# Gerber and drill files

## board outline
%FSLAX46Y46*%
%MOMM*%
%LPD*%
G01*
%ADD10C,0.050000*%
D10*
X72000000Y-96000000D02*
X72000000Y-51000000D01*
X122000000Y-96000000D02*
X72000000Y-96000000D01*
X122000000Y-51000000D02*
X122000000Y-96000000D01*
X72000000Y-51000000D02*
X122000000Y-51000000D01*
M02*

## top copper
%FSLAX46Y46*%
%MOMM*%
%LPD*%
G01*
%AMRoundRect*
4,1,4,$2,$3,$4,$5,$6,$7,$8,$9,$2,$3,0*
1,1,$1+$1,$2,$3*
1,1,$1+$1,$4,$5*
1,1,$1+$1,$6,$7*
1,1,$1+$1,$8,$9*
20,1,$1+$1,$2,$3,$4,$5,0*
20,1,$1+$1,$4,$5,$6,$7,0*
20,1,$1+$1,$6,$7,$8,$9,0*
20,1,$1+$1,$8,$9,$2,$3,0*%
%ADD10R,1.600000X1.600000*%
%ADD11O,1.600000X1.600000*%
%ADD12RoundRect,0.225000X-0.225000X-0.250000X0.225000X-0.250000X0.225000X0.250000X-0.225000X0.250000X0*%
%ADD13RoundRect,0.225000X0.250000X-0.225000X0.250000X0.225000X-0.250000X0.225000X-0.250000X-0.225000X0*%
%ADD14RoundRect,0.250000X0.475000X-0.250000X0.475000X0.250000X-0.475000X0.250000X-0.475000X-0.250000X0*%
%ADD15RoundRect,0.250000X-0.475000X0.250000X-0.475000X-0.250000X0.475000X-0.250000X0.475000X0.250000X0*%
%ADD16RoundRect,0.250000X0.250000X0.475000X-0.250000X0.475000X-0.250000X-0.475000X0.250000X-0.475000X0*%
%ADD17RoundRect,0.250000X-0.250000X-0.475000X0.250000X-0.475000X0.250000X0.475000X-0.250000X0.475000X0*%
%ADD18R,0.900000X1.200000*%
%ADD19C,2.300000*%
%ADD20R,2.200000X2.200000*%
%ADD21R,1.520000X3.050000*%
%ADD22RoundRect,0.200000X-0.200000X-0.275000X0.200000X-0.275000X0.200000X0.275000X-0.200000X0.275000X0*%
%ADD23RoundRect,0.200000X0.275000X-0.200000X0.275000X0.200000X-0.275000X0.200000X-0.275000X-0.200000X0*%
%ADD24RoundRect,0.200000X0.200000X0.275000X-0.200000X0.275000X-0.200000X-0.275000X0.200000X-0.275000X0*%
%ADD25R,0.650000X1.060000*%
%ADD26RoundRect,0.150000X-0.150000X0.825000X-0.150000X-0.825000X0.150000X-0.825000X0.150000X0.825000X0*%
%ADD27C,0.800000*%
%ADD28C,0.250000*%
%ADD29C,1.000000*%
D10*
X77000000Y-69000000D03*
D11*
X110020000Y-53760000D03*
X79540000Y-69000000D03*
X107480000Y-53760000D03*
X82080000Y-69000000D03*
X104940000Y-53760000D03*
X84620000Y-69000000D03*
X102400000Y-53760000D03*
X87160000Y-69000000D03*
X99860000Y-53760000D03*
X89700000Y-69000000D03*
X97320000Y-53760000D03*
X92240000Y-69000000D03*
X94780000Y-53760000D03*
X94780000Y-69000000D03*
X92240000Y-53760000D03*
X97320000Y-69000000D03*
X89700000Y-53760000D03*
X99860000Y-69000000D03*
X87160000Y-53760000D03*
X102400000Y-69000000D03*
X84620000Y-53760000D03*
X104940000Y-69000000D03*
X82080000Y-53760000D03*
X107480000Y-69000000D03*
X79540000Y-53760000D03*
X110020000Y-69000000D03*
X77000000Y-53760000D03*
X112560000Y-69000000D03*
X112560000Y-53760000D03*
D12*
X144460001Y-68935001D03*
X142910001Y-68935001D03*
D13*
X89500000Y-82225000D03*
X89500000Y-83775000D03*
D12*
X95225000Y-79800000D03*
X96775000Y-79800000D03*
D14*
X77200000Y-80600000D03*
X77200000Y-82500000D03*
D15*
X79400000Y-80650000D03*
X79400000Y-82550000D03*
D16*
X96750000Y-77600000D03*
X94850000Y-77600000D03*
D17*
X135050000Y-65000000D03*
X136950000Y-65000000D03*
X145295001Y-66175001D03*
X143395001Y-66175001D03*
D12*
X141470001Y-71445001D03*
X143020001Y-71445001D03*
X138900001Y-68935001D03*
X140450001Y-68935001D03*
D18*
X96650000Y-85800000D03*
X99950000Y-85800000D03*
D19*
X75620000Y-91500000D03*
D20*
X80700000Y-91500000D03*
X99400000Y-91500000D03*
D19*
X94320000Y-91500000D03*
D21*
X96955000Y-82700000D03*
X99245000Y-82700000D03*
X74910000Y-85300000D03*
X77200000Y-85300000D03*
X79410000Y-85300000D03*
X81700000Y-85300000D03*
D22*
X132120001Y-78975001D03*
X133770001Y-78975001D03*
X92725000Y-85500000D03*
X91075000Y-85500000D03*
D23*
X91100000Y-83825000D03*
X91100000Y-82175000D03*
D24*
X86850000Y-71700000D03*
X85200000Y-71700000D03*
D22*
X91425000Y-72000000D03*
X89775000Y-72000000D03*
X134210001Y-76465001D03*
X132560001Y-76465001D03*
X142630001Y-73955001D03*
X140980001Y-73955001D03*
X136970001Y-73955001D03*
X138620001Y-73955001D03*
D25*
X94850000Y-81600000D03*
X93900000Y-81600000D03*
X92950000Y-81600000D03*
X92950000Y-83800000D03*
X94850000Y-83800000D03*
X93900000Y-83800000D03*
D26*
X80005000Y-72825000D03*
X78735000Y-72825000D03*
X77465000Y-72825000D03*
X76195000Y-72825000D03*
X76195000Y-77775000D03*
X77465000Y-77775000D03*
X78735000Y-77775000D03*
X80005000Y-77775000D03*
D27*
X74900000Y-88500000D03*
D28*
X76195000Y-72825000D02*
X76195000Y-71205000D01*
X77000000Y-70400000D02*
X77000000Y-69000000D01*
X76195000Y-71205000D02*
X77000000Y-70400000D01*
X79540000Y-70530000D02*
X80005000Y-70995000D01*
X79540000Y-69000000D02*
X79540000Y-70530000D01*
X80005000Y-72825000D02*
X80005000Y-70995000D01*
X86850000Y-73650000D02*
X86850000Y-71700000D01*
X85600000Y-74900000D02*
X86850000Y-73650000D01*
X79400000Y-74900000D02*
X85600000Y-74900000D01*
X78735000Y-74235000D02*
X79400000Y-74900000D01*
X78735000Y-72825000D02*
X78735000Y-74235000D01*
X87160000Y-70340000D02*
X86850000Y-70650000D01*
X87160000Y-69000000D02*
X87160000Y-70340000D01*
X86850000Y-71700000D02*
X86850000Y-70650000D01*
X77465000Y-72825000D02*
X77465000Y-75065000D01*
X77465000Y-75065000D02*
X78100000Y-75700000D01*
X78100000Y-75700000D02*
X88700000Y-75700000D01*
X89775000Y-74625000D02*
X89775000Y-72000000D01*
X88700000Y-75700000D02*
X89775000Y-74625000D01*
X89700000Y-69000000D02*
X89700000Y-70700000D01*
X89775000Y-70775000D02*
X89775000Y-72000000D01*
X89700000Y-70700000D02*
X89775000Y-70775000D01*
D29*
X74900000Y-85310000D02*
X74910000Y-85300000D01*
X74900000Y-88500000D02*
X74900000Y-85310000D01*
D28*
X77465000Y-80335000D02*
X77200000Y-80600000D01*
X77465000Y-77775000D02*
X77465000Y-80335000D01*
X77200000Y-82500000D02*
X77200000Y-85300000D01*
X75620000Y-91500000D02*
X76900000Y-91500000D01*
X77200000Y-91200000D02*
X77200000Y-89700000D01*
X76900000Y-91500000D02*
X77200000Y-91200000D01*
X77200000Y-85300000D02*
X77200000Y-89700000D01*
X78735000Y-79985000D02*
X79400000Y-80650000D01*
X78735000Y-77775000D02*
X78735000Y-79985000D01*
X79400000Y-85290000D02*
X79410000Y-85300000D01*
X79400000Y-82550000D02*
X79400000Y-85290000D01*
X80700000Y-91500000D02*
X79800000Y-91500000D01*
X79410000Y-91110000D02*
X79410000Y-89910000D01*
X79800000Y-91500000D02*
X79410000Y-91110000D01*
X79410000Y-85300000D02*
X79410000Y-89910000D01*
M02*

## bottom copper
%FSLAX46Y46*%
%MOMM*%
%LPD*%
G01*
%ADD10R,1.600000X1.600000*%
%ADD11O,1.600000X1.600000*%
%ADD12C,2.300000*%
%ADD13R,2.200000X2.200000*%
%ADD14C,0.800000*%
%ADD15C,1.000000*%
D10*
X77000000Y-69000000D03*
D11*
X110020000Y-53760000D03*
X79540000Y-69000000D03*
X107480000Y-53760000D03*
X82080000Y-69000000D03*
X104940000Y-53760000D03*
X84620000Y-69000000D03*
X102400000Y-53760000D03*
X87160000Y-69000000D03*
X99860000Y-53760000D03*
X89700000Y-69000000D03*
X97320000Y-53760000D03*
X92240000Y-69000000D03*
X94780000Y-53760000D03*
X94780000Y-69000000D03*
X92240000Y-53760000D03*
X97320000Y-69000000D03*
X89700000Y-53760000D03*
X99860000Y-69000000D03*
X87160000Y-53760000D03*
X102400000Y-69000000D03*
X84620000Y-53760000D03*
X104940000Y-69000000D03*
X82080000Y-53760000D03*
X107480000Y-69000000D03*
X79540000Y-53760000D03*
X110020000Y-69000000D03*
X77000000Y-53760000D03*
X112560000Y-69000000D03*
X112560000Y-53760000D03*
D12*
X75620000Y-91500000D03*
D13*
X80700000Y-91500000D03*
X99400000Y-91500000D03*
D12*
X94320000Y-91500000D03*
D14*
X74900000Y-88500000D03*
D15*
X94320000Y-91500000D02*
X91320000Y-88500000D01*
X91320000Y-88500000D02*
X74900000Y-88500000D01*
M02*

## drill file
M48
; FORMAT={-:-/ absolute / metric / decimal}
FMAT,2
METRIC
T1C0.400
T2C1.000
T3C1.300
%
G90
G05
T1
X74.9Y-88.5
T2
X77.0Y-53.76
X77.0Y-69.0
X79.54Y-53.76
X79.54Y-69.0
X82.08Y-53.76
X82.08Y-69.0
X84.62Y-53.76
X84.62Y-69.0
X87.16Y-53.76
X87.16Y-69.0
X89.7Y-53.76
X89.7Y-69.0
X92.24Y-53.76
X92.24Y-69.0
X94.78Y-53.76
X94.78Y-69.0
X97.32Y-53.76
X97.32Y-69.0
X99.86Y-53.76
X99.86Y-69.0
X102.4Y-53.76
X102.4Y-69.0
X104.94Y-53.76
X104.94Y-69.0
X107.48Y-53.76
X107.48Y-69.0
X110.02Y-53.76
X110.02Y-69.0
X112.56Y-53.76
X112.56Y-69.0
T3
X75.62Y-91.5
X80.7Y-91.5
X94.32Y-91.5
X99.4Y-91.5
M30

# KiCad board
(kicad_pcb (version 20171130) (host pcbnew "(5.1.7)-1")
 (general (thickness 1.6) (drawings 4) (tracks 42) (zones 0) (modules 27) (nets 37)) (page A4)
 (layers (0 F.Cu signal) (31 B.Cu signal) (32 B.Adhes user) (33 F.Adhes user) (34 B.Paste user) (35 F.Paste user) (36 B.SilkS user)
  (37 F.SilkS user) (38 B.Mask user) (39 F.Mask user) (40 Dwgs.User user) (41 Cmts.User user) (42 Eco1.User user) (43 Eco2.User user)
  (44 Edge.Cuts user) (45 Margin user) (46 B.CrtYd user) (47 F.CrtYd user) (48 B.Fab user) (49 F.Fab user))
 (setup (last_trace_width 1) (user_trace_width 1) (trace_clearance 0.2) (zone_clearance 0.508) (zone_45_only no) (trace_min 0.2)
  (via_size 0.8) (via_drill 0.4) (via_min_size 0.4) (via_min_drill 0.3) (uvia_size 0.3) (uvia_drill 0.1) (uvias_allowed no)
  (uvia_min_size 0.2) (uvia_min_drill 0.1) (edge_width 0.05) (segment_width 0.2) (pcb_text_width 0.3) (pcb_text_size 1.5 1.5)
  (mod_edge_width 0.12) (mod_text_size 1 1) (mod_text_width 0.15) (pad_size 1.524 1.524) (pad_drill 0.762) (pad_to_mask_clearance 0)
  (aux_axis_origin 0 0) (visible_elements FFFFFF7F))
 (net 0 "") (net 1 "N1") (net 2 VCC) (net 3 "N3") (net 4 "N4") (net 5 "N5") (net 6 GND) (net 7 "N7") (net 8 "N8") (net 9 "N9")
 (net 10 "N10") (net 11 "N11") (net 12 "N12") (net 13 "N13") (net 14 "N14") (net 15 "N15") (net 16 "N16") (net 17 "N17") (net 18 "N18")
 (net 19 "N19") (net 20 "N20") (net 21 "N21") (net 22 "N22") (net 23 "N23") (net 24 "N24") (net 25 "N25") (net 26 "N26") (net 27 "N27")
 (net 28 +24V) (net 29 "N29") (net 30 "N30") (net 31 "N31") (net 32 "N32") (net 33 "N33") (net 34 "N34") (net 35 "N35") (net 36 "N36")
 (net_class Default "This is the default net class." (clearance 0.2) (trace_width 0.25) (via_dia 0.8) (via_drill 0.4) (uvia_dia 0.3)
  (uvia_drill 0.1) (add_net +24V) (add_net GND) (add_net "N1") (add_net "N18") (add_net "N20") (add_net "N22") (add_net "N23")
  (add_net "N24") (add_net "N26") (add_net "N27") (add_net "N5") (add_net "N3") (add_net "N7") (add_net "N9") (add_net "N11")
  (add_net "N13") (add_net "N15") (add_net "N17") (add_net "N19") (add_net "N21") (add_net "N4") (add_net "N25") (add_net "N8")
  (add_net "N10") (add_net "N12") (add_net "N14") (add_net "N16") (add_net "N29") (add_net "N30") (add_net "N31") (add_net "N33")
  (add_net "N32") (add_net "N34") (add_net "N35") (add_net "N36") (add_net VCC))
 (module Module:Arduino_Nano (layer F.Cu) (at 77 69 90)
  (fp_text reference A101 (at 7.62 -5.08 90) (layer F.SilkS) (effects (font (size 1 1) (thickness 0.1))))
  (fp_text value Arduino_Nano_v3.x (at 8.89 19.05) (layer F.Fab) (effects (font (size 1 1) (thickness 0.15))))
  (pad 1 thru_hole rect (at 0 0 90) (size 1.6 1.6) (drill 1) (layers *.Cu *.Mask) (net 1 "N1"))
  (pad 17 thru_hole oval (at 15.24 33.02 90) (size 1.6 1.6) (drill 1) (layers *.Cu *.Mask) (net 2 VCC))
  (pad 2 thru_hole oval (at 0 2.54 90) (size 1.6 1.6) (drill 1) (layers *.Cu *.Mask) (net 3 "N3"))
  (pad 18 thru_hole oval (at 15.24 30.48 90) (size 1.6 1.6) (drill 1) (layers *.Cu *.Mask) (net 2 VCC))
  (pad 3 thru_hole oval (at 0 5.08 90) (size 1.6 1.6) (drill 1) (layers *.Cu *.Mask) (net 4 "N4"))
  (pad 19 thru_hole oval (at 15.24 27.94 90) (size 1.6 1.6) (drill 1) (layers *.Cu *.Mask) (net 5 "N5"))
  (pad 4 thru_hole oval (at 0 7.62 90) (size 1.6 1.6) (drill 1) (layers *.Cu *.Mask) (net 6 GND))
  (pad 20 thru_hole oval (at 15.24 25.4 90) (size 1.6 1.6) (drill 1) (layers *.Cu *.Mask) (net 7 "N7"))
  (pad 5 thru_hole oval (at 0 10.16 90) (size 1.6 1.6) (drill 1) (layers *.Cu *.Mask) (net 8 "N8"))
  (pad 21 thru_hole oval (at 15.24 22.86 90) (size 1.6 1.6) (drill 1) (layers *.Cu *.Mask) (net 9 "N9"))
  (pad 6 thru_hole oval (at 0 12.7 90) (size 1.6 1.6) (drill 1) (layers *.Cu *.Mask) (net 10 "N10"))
::::
What do the lines above say from the one containing "X97.32Y-53.76" down to the one containing "(37 F.SilkS user)"? Return them exactly, both end lines included, and only them.

X97.32Y-53.76
X97.32Y-69.0
X99.86Y-53.76
X99.86Y-69.0
X102.4Y-53.76
X102.4Y-69.0
X104.94Y-53.76
X104.94Y-69.0
X107.48Y-53.76
X107.48Y-69.0
X110.02Y-53.76
X110.02Y-69.0
X112.56Y-53.76
X112.56Y-69.0
T3
X75.62Y-91.5
X80.7Y-91.5
X94.32Y-91.5
X99.4Y-91.5
M30

# KiCad board
(kicad_pcb (version 20171130) (host pcbnew "(5.1.7)-1")
 (general (thickness 1.6) (drawings 4) (tracks 42) (zones 0) (modules 27) (nets 37)) (page A4)
 (layers (0 F.Cu signal) (31 B.Cu signal) (32 B.Adhes user) (33 F.Adhes user) (34 B.Paste user) (35 F.Paste user) (36 B.SilkS user)
  (37 F.SilkS user) (38 B.Mask user) (39 F.Mask user) (40 Dwgs.User user) (41 Cmts.User user) (42 Eco1.User user) (43 Eco2.User user)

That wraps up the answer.